[[ Records for this task open ]]

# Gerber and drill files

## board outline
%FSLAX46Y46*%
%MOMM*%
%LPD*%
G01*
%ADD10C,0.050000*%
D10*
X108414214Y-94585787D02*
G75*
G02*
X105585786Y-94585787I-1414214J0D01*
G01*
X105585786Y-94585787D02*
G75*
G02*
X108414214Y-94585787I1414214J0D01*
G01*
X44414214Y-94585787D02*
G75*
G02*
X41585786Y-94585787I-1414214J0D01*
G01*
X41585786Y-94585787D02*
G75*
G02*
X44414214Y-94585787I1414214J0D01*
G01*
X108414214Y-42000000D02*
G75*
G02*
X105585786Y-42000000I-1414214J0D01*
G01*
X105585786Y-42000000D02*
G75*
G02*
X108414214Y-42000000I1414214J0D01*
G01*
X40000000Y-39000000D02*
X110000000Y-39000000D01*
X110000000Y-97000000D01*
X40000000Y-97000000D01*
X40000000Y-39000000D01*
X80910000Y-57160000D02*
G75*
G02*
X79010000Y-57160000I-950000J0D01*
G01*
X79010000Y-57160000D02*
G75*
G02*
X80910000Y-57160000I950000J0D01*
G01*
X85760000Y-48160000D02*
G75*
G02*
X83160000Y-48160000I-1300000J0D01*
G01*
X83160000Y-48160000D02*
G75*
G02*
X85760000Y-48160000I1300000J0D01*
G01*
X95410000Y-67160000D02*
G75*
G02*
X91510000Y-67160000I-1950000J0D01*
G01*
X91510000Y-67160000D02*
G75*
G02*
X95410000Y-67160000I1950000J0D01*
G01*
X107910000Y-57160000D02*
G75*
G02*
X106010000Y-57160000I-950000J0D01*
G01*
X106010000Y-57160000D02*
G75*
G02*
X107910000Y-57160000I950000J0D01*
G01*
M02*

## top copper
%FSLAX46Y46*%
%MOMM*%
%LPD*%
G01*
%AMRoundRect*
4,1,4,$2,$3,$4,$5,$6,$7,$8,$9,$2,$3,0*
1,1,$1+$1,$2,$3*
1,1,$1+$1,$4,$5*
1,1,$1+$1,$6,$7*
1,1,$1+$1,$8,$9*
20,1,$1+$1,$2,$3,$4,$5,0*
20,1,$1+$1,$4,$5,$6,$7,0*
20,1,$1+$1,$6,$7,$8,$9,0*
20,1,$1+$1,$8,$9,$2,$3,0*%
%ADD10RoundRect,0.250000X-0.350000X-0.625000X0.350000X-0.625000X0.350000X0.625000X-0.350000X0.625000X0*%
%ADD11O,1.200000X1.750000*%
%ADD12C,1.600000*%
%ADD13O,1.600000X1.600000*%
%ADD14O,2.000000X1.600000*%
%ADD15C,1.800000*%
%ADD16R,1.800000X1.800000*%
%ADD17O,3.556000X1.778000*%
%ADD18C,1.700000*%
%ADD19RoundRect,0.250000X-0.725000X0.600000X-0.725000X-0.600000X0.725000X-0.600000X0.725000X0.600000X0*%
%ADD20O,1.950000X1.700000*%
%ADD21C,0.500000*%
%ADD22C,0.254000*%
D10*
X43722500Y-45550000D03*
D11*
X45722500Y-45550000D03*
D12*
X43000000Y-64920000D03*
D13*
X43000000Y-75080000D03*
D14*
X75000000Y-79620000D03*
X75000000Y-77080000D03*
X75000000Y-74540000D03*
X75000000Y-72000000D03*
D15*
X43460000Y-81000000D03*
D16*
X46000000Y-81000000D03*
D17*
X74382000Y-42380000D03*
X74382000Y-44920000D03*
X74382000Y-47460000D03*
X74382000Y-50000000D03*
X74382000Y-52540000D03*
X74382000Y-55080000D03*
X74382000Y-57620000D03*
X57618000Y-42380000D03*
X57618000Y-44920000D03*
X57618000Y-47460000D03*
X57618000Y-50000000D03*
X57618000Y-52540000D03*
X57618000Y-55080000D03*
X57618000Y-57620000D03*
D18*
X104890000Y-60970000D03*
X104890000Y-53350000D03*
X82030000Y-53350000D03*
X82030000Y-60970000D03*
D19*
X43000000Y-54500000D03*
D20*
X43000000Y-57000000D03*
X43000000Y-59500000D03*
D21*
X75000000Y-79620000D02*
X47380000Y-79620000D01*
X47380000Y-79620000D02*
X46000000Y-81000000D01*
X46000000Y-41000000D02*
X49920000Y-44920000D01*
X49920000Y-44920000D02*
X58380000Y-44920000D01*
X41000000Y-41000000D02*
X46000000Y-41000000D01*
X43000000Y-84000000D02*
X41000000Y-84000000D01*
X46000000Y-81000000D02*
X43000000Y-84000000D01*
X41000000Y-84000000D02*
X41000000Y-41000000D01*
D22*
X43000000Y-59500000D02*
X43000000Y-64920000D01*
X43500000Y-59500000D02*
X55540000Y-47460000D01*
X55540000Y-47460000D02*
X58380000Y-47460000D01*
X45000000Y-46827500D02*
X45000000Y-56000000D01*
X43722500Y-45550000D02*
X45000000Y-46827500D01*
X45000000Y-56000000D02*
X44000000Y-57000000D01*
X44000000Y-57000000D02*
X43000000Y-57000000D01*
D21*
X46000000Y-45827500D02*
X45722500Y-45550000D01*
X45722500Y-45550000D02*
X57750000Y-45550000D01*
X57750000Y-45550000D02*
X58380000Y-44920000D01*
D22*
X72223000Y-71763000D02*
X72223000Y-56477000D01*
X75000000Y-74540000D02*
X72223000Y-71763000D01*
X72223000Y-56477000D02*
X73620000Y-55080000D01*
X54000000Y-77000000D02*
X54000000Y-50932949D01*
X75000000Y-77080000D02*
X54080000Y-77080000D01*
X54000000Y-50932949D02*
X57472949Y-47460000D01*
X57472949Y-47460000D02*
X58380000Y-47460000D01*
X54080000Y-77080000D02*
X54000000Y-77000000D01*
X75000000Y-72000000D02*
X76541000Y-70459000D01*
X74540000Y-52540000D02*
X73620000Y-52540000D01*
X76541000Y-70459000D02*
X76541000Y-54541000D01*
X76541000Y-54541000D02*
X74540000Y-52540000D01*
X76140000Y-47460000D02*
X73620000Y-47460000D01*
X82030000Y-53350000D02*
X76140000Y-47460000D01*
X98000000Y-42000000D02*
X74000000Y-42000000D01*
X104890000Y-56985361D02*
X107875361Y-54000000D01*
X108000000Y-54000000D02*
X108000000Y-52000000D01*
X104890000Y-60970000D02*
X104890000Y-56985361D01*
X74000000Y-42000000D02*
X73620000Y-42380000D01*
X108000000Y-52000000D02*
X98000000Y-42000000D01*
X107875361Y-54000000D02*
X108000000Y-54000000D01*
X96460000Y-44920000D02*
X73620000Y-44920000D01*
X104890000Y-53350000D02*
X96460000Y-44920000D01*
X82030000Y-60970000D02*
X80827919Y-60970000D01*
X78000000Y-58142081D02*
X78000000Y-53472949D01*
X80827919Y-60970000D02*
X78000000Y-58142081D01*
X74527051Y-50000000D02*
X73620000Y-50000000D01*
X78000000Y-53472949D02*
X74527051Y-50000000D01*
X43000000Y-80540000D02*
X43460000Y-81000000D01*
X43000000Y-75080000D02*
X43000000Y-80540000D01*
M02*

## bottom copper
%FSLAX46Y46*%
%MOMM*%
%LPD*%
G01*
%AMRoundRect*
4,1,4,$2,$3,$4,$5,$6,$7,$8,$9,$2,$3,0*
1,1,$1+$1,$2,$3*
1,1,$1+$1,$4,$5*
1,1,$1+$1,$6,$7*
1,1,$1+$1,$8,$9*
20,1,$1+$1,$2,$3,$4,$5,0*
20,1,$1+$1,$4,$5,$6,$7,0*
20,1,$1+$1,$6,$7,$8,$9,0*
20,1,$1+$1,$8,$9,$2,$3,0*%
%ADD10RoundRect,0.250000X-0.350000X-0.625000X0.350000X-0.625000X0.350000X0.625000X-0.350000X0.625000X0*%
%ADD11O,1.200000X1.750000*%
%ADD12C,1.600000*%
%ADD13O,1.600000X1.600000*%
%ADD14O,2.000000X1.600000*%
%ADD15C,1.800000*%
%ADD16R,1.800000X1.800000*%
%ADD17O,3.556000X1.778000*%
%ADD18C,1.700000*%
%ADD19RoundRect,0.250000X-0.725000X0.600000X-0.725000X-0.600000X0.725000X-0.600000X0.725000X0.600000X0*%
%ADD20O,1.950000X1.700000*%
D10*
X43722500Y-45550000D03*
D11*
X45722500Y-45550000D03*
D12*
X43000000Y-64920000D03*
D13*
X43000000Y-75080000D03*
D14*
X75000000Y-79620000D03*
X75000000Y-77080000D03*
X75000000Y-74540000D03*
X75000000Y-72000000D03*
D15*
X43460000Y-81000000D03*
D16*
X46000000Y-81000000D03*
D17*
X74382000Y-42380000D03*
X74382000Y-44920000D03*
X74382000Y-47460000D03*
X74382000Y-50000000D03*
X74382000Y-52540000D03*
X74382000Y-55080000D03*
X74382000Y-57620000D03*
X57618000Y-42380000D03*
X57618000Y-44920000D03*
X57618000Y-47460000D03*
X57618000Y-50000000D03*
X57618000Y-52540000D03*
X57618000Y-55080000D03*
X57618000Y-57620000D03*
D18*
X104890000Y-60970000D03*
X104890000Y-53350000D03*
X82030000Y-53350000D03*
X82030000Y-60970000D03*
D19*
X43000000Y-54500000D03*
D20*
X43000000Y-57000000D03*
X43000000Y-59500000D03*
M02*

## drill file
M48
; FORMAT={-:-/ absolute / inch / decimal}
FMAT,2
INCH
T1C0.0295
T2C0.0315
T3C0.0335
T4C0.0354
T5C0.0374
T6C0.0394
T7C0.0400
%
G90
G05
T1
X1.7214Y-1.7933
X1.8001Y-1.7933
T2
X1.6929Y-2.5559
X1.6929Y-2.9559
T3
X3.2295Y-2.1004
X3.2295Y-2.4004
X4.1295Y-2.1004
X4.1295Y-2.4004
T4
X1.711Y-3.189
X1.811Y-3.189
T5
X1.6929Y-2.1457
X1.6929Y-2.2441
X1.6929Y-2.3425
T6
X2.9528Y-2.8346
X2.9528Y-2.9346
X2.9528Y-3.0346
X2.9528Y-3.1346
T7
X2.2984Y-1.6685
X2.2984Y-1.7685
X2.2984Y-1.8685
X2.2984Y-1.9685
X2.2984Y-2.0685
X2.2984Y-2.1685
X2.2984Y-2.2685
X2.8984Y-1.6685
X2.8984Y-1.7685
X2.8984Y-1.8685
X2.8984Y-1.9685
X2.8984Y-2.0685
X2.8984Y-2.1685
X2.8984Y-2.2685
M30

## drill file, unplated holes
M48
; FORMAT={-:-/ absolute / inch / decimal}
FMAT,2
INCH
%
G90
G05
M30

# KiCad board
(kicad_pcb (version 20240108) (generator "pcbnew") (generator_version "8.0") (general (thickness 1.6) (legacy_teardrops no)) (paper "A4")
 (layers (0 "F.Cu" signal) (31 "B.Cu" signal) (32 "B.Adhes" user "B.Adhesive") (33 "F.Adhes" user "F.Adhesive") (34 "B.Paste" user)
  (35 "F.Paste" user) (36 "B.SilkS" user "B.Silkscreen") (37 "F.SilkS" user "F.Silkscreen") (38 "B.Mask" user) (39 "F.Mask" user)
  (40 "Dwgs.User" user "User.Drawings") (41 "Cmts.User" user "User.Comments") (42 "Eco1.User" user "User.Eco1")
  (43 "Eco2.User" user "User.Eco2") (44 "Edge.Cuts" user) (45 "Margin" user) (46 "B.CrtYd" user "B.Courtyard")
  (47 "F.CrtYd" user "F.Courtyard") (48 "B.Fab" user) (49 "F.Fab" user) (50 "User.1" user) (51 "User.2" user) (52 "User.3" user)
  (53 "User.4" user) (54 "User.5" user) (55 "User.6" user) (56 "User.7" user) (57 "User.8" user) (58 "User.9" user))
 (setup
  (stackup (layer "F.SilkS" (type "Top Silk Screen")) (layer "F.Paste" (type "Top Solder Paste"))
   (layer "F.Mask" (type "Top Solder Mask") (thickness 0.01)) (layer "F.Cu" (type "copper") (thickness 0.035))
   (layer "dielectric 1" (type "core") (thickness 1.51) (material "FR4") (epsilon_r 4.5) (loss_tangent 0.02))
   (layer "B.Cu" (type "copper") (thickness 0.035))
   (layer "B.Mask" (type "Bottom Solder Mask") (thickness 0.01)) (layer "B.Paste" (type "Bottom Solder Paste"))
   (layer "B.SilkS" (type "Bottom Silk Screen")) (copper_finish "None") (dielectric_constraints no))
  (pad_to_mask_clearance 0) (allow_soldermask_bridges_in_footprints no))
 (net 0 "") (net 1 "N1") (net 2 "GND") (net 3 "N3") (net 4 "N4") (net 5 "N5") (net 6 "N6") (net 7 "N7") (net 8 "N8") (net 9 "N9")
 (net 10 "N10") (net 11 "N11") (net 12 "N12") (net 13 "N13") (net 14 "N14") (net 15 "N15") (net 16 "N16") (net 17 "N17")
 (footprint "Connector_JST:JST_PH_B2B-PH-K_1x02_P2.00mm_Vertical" (layer "B.Cu") (at 43.7225 45.55)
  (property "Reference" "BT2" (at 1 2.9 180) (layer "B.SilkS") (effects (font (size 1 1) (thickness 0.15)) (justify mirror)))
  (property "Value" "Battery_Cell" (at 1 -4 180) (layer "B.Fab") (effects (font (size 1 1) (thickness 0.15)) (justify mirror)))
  (pad "1" thru_hole roundrect (at 0 0) (size 1.2 1.75) (drill 0.75) (layers "*.Cu" "*.Mask") (remove_unused_layers no)
   (roundrect_rratio 0.208333) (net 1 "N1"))
  (pad "2" thru_hole oval (at 2 0) (size 1.2 1.75) (drill 0.75) (layers "*.Cu" "*.Mask") (remove_unused_layers no) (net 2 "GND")))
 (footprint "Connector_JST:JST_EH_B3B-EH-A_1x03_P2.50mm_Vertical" (layer "B.Cu") (at 43 54.5 -90)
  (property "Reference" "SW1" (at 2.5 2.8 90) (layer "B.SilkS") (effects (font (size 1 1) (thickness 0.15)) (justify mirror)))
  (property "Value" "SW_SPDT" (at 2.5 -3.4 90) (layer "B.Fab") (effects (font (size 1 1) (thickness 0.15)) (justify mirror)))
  (pad "1" thru_hole roundrect (at 0 0 270) (size 1.7 1.95) (drill 0.95) (layers "*.Cu" "*.Mask") (remove_unused_layers no)
   (roundrect_rratio 0.147059) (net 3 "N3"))
  (pad "2" thru_hole oval (at 2.5 0 270) (size 1.7 1.95) (drill 0.95) (layers "*.Cu" "*.Mask") (remove_unused_layers no) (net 1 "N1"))
  (pad "3" thru_hole oval (at 5 0 270) (size 1.7 1.95) (drill 0.95) (layers "*.Cu" "*.Mask") (remove_unused_layers no) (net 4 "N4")))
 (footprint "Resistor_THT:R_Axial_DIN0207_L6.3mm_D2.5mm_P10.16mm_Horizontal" (layer "B.Cu") (at 43 64.92 -90)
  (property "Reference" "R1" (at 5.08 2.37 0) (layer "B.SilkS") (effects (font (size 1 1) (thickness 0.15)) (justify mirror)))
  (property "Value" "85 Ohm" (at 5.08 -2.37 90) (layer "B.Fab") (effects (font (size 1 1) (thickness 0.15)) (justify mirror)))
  (pad "1" thru_hole circle (at 0 0 270) (size 1.6 1.6) (drill 0.8) (layers "*.Cu" "*.Mask") (remove_unused_layers no) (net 4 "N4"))
  (pad "2" thru_hole oval (at 10.16 0 270) (size 1.6 1.6) (drill 0.8) (layers "*.Cu" "*.Mask") (remove_unused_layers no) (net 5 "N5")))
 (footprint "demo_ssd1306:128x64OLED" (layer "B.Cu") (at 64.4 76 90)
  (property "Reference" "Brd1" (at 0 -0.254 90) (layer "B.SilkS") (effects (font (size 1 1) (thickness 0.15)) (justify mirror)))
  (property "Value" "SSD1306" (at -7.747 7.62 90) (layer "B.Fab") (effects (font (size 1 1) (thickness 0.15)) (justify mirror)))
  (pad "1" thru_hole oval (at -3.62 10.6) (size 2 1.6) (drill 1) (layers "*.Cu" "*.Mask") (remove_unused_layers no) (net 2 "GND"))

[[ Records for this task closed ]]

> [Task brief] Please go over the data above and tally every line holding "SilkS"; reply only with the count.

> [Solved exercise] 7